In a significant milestone in the fight against black money suspected to be stashed abroad, India has received the first tranche of details about financial accounts of its citizens in Swiss banks under a new automatic exchange of information (AEOI) framework between the two countries, said media reports.
India is among 75 countries with which Switzerland’s Federal Tax Administration (FTA) has exchanged information on financial accounts within the framework of global standards on AEOI, an FTA spokesperson told PTI.
This is the first time that India has received details from Switzerland under the AEOI framework, which provides for exchange of information on financial accounts that are currently active as well as those accounts that were closed during 2018.
The next exchange would take place in September 2020, the spokesperson added.
The FTA had earlier been reported to have stated that “several dispatches might be necessary” in the case of India, giving an indication of the volume of details to be shared with Indian tax authorities of all Indians with bank accounts in Switzerland as of 2018 beginning.
In 2018, data from Zurich-based Swiss National Bank (SNB) had shown that after declining for three years, money parked by Indians in Swiss Banks rose 50 per cent to CHF (Swiss Franc) 1.02 billion (Rs 7,000 crore) in 2017 over the previous year, reported The Indian Express.
A large portion of the first tranche of data relates to accounts that have been already closed due to fear of action.
It can, however, still establish a strong prosecution case against those who had any unaccounted wealth in those accounts, bankers and regulators said.
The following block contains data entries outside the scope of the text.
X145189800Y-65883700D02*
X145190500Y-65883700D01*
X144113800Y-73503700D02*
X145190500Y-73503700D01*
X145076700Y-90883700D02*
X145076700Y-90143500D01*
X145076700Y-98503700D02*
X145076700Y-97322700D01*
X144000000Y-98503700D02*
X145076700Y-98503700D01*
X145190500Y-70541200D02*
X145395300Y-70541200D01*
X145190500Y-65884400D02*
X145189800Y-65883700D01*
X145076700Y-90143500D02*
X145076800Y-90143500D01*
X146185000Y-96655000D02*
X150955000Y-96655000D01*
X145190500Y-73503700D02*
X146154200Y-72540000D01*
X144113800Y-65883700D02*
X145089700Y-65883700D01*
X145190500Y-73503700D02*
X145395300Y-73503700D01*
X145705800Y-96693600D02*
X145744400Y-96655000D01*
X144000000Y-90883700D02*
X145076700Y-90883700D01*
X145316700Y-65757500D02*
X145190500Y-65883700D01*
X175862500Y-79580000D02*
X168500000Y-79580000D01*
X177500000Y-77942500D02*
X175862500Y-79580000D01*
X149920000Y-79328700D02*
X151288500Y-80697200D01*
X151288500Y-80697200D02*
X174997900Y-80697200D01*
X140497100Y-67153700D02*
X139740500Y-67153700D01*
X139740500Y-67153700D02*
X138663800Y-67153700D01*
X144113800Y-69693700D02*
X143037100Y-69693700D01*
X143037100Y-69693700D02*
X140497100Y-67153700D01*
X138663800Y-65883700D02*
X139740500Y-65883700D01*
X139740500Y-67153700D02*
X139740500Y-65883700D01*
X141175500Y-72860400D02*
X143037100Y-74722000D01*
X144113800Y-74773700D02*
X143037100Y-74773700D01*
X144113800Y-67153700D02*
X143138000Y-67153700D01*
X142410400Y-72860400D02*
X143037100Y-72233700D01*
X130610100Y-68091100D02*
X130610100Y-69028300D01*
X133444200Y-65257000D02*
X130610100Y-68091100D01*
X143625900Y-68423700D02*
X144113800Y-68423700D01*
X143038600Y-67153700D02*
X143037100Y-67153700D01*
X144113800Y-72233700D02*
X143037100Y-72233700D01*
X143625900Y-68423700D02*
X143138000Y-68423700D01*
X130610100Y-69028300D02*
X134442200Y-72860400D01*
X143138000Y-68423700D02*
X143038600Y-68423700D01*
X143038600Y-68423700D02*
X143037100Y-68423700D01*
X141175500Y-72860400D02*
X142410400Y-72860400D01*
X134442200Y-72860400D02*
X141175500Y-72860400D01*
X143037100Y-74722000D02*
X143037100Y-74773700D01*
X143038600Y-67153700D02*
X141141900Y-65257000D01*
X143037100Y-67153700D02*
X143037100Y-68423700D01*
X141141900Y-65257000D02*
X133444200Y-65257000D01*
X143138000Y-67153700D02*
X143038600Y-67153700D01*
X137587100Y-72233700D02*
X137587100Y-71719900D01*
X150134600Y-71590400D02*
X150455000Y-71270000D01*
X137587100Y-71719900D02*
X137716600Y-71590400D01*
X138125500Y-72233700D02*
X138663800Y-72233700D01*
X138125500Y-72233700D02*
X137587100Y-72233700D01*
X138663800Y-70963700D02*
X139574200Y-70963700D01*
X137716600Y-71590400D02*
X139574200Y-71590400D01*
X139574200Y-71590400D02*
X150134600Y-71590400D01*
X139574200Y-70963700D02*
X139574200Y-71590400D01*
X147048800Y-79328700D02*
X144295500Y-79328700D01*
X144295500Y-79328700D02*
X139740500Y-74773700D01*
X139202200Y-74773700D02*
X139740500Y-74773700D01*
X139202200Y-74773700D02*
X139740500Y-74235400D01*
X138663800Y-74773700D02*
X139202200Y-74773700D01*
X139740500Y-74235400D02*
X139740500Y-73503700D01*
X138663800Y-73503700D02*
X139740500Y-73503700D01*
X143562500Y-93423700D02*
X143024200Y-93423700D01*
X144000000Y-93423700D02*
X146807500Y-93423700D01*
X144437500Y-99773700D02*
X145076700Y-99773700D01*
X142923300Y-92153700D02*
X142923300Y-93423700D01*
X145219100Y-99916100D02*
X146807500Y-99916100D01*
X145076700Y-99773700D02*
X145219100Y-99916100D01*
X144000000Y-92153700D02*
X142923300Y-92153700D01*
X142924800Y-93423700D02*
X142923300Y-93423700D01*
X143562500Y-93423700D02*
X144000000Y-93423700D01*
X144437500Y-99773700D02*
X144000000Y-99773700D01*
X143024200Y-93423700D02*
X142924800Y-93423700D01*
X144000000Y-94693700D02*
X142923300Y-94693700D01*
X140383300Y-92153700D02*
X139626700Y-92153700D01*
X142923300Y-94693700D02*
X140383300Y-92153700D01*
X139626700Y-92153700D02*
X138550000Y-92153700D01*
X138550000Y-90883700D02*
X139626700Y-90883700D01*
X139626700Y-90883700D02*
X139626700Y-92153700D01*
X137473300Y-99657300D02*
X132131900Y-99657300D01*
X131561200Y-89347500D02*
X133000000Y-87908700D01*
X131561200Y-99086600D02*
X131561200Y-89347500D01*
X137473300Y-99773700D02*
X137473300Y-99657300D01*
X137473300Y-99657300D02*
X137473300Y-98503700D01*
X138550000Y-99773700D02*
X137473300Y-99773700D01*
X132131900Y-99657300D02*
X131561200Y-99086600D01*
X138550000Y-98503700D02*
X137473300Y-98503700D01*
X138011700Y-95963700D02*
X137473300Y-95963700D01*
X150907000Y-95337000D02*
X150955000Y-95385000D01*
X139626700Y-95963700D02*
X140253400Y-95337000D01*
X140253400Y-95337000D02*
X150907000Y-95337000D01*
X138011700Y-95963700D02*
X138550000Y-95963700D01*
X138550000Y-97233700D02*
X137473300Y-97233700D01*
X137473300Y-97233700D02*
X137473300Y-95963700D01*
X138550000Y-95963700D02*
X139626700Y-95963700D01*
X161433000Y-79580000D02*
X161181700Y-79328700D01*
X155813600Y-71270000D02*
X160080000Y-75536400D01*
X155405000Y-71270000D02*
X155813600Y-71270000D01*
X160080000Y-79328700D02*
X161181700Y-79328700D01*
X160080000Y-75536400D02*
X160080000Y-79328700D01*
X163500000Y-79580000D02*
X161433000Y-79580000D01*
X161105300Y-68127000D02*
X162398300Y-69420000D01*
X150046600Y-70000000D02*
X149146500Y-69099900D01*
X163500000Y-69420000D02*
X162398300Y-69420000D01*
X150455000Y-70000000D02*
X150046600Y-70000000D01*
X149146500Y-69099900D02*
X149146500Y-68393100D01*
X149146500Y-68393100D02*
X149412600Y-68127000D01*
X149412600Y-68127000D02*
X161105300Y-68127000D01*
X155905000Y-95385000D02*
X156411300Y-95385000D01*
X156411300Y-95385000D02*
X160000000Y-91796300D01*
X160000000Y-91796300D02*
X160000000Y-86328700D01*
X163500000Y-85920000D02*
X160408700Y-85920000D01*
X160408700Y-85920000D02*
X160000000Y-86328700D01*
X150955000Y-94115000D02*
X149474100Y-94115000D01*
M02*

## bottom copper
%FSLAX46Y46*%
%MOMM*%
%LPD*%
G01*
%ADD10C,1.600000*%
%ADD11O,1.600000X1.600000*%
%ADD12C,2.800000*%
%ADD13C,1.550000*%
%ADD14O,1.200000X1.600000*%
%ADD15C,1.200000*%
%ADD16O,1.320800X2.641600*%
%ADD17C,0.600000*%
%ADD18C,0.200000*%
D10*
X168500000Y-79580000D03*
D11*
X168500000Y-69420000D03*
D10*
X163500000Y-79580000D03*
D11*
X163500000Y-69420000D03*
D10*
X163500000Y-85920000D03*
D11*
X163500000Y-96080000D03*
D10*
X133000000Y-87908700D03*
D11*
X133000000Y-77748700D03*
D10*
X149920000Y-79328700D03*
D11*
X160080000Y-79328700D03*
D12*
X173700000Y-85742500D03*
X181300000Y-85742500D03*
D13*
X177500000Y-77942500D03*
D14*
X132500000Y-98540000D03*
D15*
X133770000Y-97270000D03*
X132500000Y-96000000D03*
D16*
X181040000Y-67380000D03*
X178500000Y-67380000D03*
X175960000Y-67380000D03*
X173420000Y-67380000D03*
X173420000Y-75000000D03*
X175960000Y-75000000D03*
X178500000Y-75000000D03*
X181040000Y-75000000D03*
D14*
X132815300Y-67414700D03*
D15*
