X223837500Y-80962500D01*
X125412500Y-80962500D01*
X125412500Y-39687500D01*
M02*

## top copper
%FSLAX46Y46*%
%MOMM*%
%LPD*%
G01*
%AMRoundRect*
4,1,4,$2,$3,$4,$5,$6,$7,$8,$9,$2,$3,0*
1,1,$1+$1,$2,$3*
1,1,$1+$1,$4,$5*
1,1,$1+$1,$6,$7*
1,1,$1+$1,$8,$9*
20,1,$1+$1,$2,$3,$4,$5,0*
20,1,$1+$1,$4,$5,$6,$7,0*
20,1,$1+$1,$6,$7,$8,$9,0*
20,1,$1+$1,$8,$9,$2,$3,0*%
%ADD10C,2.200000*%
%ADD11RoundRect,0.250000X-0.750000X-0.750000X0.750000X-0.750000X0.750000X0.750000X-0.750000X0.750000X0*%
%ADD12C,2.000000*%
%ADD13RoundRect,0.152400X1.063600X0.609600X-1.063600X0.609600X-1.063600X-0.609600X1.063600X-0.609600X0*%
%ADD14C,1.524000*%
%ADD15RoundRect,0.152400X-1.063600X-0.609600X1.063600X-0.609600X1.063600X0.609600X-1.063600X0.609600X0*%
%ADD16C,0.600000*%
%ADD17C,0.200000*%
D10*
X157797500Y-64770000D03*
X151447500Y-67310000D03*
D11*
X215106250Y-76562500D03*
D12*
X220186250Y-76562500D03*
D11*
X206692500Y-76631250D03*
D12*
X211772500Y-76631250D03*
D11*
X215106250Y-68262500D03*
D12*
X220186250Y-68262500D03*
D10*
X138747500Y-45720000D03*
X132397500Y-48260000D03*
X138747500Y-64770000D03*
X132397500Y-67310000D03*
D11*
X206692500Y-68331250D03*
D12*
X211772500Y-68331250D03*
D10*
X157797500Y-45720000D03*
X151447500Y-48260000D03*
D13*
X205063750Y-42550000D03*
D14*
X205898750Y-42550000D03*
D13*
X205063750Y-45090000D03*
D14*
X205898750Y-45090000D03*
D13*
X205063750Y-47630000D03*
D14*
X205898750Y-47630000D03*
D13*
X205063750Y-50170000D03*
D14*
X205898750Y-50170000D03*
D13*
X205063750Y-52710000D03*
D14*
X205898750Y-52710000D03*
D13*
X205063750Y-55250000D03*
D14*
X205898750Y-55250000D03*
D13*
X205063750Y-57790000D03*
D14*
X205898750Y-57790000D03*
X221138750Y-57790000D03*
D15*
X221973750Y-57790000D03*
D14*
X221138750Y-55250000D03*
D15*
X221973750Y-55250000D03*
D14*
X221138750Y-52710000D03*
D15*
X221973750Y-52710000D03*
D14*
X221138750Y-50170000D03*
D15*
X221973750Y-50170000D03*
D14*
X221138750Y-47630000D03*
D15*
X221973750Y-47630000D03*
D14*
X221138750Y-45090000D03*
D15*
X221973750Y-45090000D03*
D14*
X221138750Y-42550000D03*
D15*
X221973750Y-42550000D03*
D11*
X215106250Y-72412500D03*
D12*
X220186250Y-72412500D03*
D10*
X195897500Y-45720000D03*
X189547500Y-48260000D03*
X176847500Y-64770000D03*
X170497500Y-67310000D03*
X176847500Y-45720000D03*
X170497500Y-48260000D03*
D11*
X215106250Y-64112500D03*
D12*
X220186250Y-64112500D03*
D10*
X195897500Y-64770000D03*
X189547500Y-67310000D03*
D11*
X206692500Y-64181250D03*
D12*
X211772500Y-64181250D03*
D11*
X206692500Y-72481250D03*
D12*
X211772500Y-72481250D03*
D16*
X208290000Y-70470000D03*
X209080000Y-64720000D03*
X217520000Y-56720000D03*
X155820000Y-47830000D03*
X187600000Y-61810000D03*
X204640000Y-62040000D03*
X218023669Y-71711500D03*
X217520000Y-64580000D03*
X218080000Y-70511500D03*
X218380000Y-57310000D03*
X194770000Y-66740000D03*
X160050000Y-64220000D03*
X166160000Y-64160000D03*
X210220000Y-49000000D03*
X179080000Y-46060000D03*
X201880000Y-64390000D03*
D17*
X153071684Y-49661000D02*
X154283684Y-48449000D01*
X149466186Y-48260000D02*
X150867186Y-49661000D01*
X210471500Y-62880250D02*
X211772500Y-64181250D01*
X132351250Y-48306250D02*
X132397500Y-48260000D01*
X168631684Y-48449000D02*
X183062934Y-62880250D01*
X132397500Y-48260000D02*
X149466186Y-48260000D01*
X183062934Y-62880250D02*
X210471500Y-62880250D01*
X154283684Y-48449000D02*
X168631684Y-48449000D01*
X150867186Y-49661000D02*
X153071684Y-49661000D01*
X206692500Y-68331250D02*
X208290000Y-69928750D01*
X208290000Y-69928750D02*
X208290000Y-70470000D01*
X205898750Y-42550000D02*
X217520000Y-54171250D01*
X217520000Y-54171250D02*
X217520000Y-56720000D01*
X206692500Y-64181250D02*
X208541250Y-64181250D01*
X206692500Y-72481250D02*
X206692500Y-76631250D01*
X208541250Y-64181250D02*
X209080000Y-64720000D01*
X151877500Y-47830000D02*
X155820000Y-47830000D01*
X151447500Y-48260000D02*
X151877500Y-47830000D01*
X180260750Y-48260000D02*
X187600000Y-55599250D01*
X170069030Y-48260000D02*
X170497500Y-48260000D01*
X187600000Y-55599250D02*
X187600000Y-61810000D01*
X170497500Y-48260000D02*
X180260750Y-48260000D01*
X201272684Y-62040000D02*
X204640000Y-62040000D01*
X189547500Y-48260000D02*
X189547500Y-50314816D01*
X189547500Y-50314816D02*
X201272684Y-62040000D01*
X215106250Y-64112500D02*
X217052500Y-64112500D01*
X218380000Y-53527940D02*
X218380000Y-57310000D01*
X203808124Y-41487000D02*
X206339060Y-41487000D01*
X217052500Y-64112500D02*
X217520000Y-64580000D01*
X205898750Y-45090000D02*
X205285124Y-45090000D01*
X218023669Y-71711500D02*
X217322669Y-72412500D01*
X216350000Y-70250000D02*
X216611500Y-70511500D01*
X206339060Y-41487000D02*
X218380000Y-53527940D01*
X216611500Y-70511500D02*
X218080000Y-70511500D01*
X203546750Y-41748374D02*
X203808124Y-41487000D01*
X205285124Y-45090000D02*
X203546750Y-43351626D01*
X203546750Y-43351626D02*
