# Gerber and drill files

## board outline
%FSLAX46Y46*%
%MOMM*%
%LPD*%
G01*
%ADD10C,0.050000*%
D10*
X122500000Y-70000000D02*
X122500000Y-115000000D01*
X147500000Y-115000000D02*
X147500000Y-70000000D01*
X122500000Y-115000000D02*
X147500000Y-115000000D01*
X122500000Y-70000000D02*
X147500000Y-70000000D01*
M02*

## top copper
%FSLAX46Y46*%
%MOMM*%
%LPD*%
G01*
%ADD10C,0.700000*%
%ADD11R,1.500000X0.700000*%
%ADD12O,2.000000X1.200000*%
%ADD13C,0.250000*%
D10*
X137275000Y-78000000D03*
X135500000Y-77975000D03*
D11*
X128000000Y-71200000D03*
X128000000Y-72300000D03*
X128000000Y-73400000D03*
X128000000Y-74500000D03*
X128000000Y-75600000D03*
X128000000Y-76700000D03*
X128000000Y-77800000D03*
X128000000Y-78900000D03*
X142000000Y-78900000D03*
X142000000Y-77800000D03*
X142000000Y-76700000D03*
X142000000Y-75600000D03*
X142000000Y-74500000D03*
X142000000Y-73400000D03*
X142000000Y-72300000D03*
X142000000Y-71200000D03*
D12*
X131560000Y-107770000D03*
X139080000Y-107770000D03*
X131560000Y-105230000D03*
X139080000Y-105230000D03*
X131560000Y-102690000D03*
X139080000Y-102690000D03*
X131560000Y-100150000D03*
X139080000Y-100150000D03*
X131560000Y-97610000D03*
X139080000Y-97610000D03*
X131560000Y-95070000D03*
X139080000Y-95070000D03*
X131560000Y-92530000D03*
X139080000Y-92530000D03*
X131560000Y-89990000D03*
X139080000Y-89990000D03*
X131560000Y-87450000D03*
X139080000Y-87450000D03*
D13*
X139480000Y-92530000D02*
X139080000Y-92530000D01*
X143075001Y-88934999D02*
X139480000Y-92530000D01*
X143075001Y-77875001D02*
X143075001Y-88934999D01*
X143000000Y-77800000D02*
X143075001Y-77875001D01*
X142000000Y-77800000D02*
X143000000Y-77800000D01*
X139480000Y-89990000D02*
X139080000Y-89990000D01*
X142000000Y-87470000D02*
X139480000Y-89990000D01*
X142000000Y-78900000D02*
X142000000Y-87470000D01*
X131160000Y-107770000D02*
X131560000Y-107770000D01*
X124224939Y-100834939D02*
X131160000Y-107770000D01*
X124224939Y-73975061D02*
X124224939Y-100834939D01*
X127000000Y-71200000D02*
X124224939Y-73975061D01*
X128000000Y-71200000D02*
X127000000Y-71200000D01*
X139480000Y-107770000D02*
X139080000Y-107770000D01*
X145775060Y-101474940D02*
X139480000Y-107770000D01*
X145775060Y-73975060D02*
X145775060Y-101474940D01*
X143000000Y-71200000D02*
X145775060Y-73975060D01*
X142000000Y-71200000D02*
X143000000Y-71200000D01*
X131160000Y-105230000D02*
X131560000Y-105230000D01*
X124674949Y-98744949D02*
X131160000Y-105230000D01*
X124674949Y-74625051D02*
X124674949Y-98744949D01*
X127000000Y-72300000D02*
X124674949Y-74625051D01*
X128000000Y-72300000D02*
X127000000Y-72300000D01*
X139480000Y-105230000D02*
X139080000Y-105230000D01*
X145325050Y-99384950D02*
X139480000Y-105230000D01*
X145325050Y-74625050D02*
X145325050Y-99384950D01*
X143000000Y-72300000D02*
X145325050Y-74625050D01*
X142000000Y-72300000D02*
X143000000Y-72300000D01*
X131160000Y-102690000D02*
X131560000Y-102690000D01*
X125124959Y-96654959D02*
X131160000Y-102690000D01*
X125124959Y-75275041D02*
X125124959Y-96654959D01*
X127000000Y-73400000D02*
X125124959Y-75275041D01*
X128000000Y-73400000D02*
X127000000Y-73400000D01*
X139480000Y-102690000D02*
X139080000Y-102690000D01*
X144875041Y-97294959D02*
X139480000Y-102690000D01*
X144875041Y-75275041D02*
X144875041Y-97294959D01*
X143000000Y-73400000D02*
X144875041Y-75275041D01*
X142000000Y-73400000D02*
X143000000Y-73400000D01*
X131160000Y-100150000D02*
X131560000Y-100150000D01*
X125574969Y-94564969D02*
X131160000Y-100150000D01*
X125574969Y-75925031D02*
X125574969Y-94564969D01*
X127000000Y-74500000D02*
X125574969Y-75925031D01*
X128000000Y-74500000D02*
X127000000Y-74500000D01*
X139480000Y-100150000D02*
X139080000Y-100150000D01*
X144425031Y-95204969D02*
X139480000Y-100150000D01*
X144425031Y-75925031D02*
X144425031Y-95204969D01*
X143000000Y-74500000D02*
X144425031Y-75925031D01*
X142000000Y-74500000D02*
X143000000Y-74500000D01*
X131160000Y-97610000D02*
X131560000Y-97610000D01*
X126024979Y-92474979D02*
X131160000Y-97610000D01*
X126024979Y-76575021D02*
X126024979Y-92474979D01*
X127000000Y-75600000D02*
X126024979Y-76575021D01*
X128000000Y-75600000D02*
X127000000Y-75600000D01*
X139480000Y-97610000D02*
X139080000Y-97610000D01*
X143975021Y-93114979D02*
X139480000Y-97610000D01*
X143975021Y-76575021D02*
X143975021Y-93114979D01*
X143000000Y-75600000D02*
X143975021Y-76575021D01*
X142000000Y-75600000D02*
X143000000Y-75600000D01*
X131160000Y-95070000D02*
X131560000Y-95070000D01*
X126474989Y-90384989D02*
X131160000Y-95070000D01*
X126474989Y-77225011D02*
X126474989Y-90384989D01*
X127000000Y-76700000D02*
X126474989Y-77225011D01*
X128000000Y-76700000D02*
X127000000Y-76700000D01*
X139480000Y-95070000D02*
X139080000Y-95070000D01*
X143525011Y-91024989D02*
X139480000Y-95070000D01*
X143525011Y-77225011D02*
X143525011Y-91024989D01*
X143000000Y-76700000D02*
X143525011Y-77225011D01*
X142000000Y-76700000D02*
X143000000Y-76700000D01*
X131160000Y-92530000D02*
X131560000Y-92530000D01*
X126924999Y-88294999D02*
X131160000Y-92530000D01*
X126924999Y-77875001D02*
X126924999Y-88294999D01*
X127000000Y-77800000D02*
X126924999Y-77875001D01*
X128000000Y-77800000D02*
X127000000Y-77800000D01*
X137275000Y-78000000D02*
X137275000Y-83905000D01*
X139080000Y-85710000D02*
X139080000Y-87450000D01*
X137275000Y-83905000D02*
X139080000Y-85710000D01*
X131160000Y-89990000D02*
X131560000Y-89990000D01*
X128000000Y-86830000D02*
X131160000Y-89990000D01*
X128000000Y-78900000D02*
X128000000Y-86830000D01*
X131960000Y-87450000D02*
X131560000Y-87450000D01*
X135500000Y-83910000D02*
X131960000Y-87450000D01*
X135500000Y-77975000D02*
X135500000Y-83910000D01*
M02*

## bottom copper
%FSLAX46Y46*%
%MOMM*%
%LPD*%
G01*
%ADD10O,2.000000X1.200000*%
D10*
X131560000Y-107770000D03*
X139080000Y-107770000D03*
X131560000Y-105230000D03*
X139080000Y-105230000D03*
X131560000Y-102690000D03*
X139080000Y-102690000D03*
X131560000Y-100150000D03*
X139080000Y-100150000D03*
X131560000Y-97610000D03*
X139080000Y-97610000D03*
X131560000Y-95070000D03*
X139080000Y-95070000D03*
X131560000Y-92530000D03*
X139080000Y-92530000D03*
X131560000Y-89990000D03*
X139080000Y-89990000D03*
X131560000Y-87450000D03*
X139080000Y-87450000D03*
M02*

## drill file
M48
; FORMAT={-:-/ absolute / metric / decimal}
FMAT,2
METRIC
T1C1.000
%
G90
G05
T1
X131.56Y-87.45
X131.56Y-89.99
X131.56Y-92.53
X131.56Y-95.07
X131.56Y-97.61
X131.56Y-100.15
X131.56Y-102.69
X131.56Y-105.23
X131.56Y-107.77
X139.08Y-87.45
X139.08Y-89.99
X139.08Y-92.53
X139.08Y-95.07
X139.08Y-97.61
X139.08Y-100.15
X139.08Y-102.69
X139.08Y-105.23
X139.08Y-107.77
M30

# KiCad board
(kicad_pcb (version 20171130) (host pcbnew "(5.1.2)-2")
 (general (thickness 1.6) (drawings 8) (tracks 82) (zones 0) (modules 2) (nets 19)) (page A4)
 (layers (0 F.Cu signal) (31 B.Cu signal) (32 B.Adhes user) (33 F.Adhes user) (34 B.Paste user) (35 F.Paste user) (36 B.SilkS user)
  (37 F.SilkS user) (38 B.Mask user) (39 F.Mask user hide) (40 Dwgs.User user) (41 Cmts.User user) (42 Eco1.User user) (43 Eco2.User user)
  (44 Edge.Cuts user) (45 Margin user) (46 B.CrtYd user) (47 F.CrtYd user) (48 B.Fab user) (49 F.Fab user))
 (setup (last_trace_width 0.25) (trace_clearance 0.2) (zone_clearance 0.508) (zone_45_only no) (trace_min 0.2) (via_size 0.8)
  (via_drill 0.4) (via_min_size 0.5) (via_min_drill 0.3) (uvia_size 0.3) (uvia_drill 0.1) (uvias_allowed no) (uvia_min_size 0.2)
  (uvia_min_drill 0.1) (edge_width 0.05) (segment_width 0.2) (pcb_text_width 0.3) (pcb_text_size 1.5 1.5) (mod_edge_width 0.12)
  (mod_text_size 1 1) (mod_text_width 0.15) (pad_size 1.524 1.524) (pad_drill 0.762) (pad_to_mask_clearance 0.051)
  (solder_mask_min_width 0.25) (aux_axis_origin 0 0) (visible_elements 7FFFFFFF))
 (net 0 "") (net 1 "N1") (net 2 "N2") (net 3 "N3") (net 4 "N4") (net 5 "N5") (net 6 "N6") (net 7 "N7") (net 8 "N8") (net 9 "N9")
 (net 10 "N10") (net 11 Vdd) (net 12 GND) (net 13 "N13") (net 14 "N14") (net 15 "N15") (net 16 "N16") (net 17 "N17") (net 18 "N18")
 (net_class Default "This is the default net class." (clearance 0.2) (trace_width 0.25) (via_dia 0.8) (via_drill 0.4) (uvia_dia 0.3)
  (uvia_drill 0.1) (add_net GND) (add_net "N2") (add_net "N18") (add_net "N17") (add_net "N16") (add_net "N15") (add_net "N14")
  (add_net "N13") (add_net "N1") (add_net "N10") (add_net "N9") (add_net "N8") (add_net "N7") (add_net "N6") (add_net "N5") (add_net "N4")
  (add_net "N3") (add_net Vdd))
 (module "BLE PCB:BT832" (layer F.Cu) (at 135 72)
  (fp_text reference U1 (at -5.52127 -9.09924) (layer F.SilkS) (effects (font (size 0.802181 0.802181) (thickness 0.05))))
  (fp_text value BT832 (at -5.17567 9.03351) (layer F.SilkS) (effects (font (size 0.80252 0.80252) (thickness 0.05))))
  (pad D5 smd circle (at 2.275 6) (size 0.7 0.7) (layers F.Cu F.Paste F.Mask) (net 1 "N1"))
  (pad C5 smd circle (at 0.5 5.975) (size 0.7 0.7) (layers F.Cu F.Paste F.Mask) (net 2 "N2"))
  (pad 1 smd rect (at -7 -0.8) (size 1.5 0.7) (layers F.Cu F.Paste F.Mask) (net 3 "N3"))
  (pad 2 smd rect (at -7 0.3) (size 1.5 0.7) (layers F.Cu F.Paste F.Mask) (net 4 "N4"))
  (pad 3 smd rect (at -7 1.4) (size 1.5 0.7) (layers F.Cu F.Paste F.Mask) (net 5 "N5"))
  (pad 4 smd rect (at -7 2.5) (size 1.5 0.7) (layers F.Cu F.Paste F.Mask) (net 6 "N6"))
  (pad 5 smd rect (at -7 3.6) (size 1.5 0.7) (layers F.Cu F.Paste F.Mask) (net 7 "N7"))
  (pad 6 smd rect (at -7 4.7) (size 1.5 0.7) (layers F.Cu F.Paste F.Mask) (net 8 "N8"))
  (pad 7 smd rect (at -7 5.8) (size 1.5 0.7) (layers F.Cu F.Paste F.Mask) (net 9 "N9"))
  (pad 8 smd rect (at -7 6.9) (size 1.5 0.7) (layers F.Cu F.Paste F.Mask) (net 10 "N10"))
  (pad 9 smd rect (at 7 6.9 180) (size 1.5 0.7) (layers F.Cu F.Paste F.Mask) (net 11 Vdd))
  (pad 10 smd rect (at 7 5.8 180) (size 1.5 0.7) (layers F.Cu F.Paste F.Mask) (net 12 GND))
  (pad 11 smd rect (at 7 4.7 180) (size 1.5 0.7) (layers F.Cu F.Paste F.Mask) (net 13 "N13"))
  (pad 12 smd rect (at 7 3.6 180) (size 1.5 0.7) (layers F.Cu F.Paste F.Mask) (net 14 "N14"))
The data provides entire details of the entire flow of funds to and from all the accounts that were active even for a single day in the year 2018, bankers said. Hence, deposits and transfers as well as of all earnings including through investments in securities and other asset classes can be examined, they said.
The first tranche relates mostly to businessmen, including non-resident Indians now settled in several South-East Asian countries as well as in the US, the UK and even some African and South American countries, PTI had earlier quoted regulatory officials as saying.
They admitted there was a huge outflow from these accounts in the last few years after a global crackdown began against the so-called high-secrecy walls associated with the Swiss banks and several of these accounts got closed.
Besides, there are at least 100 cases of older accounts held by Indians, which might have been closed before 2018, for which Switzerland is in the process of sharing details with India under an earlier framework of mutual administrative assistance as Indian authorities had provided prima facie evidence of tax-related wrongdoings by those account holders.
These relate to people engaged in businesses like auto components, chemicals, textiles, real estate, diamond and jewellery, steel products etc. Regulatory and government officials said the special focus of the analysis of the Swiss bank data could be on identifying people with political links.
A Swiss delegation was in India in August before the first set of details could get shared under the new automatic information exchange, while the two sides also discussed possible steps to expedite execution of tax information sharing requests made by India in specific cases and enhancing of collaboration in offshore tax compliance matters.
The exchange of information is being carried out under the Common Reporting Standard (CRS), the global reporting standard for such exchange of information, which takes care of aspects such as confidentiality rules and data safeguards. The CRS has been developed by the Organisation for Economic Cooperation and Development (OECD).